SRI firm Australian Ethical is calling on fellow investors to back a resolution forcing ASX-listed oil and gas company Santos to disclose in line with the Financial Stability Board’s Taskforce on Climate-related Financial Disclosure.
The A$2bn (€1.37bn) asset manager, which runs a superannuation fund as well as managed funds, is working with NGO Market Forces to pass a resolution at Santos’ AGM on Thursday May 4. The resolution – relatively rare in Australia – proposes that Santos:
• Incorporates climate-related risks and opportunities and their implications for its strategy and financial planning into mainstream financial reporting
• Discloses the metrics and targets used to assess climate-related risks and opportunities
• Provides “further information on how its risk management framework influences capital investment decisions. Acquisitions and exploration expenditure should be weighed against the likelihood of assets becoming stranded before the end of their economic life”
• Provides investors with more detail on potential climate-related risks
• Discloses all political donations and ensure consistency between the views of the organisation on climate change with those of industry bodies of which it is a member (Santos is not a member of any ‘responsible investment’ bodies or initiatives).
“It’s a relatively conservative resolution,” said Stuart Palmer, Head of Ethics Research at Australian Ethical. “But that’s because it’s aimed at trying to get something up which will attract the whole range of institutional investors on board, not just narrowly defined ethical investors but much bigger mainstream pension funds to support the resolution.”

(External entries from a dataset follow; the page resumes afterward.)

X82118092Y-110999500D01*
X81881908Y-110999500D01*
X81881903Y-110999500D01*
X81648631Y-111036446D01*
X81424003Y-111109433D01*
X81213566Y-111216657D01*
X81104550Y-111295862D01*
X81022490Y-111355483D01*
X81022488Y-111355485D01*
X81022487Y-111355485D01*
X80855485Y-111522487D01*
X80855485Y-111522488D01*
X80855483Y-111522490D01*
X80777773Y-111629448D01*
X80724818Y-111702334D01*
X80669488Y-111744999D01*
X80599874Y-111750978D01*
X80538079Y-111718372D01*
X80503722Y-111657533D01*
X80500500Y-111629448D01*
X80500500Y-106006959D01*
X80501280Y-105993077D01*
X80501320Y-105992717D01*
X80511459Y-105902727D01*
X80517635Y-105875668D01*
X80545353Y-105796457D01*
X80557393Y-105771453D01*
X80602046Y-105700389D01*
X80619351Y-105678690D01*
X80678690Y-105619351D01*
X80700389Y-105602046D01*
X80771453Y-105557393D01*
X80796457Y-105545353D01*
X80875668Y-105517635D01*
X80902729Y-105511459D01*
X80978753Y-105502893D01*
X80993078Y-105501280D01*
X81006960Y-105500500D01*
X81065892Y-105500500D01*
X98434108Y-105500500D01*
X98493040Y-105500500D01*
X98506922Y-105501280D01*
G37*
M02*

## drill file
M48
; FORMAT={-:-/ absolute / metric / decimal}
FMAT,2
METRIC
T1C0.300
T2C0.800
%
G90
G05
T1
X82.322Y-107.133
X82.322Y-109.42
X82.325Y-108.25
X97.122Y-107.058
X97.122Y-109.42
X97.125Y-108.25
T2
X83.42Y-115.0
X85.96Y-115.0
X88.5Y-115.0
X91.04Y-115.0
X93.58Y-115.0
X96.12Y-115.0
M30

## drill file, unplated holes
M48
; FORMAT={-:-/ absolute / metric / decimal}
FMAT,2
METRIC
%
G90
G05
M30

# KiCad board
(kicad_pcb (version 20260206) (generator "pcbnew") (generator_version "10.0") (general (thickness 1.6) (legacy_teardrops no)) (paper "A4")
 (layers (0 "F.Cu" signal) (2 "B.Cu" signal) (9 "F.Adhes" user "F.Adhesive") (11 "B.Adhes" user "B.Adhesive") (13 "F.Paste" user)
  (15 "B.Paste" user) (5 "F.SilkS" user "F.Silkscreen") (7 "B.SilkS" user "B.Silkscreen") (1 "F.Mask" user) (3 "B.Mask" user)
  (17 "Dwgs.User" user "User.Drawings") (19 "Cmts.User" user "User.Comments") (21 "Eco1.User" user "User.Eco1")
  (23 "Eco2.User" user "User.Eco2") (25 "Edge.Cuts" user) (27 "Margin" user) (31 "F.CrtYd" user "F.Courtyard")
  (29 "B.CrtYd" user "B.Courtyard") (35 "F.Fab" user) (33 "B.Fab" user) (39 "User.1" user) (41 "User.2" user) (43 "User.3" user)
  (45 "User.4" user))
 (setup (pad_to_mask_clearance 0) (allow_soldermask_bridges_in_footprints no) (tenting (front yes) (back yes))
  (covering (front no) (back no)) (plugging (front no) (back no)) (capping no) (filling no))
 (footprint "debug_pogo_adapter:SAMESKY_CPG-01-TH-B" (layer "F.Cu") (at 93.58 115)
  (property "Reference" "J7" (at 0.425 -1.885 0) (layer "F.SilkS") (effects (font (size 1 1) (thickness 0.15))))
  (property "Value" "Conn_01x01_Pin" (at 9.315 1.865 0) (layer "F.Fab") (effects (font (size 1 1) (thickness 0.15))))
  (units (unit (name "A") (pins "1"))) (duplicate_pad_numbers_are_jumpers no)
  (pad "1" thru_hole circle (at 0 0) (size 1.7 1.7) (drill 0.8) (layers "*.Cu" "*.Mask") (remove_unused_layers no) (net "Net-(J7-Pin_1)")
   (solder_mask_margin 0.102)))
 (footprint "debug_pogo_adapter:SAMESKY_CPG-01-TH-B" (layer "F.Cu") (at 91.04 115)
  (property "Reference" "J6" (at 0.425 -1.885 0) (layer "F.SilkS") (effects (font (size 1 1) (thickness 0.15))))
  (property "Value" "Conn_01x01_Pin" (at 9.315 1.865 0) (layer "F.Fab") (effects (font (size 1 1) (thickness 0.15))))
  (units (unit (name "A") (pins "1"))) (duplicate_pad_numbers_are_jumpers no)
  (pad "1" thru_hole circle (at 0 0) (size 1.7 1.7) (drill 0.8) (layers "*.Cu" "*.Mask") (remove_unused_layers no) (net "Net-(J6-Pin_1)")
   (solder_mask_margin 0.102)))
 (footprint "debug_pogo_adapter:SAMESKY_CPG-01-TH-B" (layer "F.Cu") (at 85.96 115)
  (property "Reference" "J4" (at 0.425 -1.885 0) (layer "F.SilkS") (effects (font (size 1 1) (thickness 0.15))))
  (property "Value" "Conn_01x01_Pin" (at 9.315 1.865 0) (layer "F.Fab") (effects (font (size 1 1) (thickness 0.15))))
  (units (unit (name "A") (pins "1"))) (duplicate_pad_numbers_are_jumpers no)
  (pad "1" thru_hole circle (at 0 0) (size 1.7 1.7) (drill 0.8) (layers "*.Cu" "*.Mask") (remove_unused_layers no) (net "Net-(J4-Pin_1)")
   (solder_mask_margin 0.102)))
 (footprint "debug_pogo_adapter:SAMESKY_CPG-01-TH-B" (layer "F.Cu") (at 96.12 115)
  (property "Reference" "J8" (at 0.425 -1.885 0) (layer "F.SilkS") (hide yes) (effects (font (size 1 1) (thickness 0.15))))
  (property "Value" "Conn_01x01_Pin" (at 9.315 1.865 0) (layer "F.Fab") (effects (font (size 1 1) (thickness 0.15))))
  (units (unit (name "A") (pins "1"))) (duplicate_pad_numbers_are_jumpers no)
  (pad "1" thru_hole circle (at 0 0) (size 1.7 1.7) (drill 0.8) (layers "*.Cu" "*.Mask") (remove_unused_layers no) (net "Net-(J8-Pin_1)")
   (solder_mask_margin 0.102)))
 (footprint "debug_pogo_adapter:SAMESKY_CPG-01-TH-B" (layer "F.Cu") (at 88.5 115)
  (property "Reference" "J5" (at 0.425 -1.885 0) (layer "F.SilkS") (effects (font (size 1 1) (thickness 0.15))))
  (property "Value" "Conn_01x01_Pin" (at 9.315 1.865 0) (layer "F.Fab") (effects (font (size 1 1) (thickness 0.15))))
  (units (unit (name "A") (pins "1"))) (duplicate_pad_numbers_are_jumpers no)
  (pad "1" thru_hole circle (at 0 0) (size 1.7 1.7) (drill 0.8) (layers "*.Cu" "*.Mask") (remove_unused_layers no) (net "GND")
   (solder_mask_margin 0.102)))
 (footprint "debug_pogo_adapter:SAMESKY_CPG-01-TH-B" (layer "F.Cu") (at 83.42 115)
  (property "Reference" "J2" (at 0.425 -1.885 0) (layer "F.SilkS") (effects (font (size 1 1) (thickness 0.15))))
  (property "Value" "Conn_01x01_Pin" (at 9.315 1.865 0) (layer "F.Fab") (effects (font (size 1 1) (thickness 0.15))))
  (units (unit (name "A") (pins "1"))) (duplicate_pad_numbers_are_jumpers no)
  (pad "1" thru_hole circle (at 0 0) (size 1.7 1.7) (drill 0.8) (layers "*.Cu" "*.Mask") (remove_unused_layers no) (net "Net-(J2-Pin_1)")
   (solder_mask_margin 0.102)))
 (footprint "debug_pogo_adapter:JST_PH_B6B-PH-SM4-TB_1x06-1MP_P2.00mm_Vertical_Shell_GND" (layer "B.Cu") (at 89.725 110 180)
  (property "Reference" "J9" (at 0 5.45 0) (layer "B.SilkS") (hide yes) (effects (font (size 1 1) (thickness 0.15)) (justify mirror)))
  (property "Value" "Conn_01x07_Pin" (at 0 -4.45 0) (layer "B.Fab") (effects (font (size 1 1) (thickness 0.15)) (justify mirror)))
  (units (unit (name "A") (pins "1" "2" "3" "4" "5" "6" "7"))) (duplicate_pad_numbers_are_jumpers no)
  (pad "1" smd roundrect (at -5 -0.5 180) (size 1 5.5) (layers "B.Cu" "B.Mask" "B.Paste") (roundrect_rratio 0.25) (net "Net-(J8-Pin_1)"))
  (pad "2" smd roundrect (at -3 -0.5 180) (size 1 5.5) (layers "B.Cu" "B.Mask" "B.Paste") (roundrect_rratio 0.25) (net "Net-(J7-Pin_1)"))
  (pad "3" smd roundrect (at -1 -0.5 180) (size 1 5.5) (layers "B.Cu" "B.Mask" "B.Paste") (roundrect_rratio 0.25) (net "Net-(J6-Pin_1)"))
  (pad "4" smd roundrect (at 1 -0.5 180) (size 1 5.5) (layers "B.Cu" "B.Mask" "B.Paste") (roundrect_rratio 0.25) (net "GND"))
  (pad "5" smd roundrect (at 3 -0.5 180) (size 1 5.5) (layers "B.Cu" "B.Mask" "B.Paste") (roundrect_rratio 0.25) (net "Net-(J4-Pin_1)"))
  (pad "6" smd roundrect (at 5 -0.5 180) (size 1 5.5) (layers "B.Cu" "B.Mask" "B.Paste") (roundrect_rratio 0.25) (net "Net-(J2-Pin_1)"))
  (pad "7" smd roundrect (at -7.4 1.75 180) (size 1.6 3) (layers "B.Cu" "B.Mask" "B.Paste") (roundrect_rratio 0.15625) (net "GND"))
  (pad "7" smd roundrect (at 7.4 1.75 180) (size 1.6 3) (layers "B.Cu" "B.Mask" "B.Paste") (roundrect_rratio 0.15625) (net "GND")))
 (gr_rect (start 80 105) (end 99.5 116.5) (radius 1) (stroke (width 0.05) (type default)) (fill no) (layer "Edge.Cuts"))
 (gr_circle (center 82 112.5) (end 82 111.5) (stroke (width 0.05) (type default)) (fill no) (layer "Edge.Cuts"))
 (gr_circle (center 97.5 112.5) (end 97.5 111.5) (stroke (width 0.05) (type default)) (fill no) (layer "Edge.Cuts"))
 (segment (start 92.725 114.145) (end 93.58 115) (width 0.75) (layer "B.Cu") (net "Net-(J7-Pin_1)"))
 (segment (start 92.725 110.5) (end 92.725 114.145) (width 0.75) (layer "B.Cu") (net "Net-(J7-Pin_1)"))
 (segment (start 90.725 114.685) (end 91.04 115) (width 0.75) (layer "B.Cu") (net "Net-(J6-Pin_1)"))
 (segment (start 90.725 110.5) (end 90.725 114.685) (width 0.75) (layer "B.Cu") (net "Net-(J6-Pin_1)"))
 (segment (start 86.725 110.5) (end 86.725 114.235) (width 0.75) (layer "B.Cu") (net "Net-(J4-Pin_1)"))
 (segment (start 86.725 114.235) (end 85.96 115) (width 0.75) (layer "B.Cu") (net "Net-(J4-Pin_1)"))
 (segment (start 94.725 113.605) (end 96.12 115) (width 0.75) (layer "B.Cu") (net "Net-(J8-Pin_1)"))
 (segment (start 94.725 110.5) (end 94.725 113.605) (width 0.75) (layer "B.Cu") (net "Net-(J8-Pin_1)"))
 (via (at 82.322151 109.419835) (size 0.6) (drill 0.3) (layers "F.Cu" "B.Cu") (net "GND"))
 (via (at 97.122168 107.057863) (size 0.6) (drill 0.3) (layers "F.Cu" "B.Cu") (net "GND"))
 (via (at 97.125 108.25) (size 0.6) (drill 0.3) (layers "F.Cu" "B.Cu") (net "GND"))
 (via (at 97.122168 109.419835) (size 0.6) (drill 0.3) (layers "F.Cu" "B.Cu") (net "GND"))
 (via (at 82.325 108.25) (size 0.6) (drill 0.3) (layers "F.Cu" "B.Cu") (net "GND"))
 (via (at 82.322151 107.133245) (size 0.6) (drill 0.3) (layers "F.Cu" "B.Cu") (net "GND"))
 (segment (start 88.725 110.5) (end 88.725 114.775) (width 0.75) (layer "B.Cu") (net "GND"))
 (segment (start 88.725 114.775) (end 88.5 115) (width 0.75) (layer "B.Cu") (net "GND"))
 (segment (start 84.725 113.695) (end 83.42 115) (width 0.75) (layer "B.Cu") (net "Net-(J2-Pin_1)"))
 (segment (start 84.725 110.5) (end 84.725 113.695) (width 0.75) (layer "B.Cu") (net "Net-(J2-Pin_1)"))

Australian Ethical does not invest through its main strategies in Santos, as it excludes all fossil-fuel companies, but it has a nominal holding in the firm for advocacy purposes.It is supporting the resolution which was filed by 100 retail investors – the required number of investors needed in Australia.
“The reporting by Santos lags: it’s a long way from best practice. They haven’t disclosed effectively how they’re addressing climate risk and opportunity in their business,” Palmer told RI, adding that “the hope and expectation is that the TCFD guidelines will make it easier to engage in future because it’s a credible body driven by representatives from across the economy”.
In response to the proposed resolution, Santos has now published a statement on climate-change disclosure. The four-page document states that Santos already “tests existing and new projects against a low, base and high-carbon price assumption”. It also says “the world has to balance the twin objectives of limiting climate change and providing affordable energy”, adding that “natural gas is the perfect partner for renewables”.
Santos also committed to “review the FSB’s TCFD for future reporting and will look to ensure that the following reporting requirements are met”:
1 “Santos will introduce a Climate Change report which explores and assesses the impact of climate change on our business”.
2 “Santos will continue to measure and collate our Sustainability Performance Data and make it available on our website”.
3 “Santos will participate in select carbon disclosure and sustainability surveys”.
Market Forces said the document was “evidently in response to scrutiny from institutional investors”, but that it “provided no new climate-related risk information to investors and very little by the way of commitments to disclose additional information in the future”.
Market Forces is also submitting a resolution at Oil Search, the largest oil and gas exploration firm in Papua New Guinea.
Elsewhere, the Australian Council of Superannuation Investors (ACSI) holds its annual conference in Melbourne starting tomorrow.